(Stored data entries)
· · · · ·

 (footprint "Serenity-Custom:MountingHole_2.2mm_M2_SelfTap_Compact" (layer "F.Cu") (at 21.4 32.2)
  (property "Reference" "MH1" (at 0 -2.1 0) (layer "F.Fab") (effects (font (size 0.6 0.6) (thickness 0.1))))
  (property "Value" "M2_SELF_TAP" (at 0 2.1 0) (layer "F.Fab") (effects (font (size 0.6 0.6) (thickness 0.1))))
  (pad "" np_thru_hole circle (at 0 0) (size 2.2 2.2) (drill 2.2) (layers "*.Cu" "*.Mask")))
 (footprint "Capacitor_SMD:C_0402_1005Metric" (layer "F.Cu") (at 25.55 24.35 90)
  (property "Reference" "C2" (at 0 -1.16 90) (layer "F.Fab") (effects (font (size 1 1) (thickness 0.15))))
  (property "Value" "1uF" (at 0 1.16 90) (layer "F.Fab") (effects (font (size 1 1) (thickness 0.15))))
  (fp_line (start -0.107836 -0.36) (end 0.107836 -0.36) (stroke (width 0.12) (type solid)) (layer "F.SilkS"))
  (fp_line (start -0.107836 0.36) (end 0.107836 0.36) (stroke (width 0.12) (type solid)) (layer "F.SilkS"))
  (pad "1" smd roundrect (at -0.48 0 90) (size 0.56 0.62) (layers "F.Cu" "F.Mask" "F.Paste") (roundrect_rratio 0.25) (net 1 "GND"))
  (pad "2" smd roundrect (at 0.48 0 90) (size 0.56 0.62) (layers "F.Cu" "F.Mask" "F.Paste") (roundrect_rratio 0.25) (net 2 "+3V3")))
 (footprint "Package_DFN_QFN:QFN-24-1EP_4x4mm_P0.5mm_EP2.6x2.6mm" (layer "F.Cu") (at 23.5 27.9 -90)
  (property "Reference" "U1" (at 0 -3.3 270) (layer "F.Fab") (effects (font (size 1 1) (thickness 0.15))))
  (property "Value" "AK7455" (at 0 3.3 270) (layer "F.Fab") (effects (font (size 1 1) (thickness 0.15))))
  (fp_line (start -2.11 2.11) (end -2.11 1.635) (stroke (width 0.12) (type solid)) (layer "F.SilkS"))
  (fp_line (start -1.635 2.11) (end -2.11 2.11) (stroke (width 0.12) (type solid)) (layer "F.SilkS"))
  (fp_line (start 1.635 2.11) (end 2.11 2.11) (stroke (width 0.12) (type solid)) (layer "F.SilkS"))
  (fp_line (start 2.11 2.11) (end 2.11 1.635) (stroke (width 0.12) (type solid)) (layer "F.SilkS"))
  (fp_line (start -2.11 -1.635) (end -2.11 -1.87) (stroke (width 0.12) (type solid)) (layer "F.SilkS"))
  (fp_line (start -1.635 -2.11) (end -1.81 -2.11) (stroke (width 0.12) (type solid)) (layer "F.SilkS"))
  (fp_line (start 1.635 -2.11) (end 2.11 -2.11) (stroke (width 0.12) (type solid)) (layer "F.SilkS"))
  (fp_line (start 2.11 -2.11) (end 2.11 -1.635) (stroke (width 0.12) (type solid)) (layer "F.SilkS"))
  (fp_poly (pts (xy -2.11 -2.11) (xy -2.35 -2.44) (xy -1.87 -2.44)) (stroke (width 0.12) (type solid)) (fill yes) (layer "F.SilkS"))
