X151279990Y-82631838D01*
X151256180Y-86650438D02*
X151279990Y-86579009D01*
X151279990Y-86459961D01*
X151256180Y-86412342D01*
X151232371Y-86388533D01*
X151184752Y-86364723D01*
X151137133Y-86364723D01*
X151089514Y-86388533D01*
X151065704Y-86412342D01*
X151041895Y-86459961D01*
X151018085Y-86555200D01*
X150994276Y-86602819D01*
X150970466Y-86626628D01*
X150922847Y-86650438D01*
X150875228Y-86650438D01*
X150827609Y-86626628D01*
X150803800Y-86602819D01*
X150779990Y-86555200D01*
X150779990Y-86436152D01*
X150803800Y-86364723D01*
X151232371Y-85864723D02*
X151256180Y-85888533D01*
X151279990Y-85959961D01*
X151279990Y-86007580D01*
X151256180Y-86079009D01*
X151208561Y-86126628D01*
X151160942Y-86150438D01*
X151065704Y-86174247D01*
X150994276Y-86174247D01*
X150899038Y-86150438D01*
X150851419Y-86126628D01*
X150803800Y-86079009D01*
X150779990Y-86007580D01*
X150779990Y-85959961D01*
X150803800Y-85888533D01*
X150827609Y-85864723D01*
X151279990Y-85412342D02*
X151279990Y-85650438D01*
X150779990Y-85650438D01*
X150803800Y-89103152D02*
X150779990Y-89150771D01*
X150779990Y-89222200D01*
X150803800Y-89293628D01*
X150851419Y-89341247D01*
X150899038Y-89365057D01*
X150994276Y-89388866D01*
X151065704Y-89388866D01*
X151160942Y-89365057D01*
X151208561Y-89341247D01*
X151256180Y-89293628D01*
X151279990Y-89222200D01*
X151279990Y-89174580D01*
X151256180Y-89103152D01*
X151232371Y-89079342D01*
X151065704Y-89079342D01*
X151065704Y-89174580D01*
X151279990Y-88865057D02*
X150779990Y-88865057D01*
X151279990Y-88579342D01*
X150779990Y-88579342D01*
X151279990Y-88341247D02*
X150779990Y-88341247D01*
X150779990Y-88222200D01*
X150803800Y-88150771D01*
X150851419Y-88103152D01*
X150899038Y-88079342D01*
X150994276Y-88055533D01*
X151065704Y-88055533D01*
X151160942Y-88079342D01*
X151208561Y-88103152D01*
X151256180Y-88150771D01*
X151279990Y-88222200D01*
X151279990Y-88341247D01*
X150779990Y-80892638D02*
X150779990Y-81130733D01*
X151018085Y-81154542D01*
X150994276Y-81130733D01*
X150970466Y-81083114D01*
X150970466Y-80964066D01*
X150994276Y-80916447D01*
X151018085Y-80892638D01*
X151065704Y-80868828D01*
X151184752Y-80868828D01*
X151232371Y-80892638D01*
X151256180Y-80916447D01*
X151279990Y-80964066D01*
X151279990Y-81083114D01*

· · · · ·

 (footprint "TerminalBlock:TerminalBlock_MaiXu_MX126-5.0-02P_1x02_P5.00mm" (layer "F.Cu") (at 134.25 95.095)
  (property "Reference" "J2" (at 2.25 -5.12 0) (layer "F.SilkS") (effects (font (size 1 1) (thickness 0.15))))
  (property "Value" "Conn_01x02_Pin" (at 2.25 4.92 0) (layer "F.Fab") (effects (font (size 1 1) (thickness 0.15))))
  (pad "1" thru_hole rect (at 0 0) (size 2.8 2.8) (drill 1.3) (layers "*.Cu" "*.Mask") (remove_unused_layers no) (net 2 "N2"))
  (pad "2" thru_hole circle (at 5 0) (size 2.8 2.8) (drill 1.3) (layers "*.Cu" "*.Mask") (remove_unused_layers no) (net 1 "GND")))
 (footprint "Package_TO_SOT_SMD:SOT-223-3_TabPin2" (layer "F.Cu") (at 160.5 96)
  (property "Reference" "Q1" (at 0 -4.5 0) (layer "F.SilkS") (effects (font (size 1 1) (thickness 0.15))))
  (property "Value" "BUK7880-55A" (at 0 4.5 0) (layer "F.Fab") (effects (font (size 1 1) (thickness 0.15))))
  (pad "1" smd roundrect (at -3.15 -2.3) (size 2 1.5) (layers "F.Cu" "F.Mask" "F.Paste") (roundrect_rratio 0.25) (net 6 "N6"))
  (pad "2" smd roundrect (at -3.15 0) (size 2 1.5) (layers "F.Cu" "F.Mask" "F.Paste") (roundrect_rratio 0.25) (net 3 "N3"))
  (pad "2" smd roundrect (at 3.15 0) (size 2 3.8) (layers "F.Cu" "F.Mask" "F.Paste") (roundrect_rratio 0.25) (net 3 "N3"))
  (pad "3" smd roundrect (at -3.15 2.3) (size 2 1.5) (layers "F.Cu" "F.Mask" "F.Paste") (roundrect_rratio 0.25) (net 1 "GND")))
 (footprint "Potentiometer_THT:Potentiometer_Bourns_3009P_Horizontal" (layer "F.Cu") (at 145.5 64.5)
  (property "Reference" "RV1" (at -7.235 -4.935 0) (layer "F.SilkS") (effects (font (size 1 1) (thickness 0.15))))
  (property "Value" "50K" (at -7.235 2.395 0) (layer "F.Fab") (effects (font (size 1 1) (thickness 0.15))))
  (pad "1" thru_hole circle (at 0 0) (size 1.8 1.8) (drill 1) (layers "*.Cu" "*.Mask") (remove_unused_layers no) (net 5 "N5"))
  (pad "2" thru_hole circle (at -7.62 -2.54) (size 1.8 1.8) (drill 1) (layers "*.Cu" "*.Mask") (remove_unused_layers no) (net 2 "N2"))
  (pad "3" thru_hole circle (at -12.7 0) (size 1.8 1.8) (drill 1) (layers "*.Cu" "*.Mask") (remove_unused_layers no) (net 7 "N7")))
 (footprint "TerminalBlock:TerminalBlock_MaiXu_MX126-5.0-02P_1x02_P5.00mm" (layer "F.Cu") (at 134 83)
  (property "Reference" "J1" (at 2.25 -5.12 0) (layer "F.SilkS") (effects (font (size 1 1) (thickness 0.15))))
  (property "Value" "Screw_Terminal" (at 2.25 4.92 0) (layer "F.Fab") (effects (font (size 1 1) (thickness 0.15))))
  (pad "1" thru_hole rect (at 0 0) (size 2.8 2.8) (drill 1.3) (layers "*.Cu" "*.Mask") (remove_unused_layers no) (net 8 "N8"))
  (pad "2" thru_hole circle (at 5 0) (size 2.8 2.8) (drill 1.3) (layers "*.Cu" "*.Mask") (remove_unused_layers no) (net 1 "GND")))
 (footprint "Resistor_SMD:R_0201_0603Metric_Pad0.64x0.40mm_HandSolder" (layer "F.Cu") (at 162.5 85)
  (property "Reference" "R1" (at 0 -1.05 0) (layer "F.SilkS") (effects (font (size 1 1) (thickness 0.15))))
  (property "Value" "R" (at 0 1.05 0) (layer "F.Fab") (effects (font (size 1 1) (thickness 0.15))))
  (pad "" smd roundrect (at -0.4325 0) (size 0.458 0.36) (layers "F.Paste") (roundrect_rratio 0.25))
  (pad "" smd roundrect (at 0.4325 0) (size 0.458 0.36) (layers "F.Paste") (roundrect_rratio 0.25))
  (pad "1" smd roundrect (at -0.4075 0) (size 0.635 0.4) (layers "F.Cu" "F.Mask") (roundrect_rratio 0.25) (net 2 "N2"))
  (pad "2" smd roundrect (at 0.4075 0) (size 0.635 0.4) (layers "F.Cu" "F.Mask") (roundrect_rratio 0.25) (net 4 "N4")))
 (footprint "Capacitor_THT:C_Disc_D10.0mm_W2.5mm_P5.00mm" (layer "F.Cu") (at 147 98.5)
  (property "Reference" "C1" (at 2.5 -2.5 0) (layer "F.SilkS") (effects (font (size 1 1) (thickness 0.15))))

· · · · ·

*Work order*
Output, from the data above, the lines from the line with "(at 0 3.3 270)" to the line with "(fp_line (start 2.11 2.11)" exactly as they stand, both ends included and nothing else.

*The completed task*
  (property "Value" "AK7455" (at 0 3.3 270) (layer "F.Fab") (effects (font (size 1 1) (thickness 0.15))))
  (fp_line (start -2.11 2.11) (end -2.11 1.635) (stroke (width 0.12) (type solid)) (layer "F.SilkS"))
  (fp_line (start -1.635 2.11) (end -2.11 2.11) (stroke (width 0.12) (type solid)) (layer "F.SilkS"))
  (fp_line (start 1.635 2.11) (end 2.11 2.11) (stroke (width 0.12) (type solid)) (layer "F.SilkS"))
  (fp_line (start 2.11 2.11) (end 2.11 1.635) (stroke (width 0.12) (type solid)) (layer "F.SilkS"))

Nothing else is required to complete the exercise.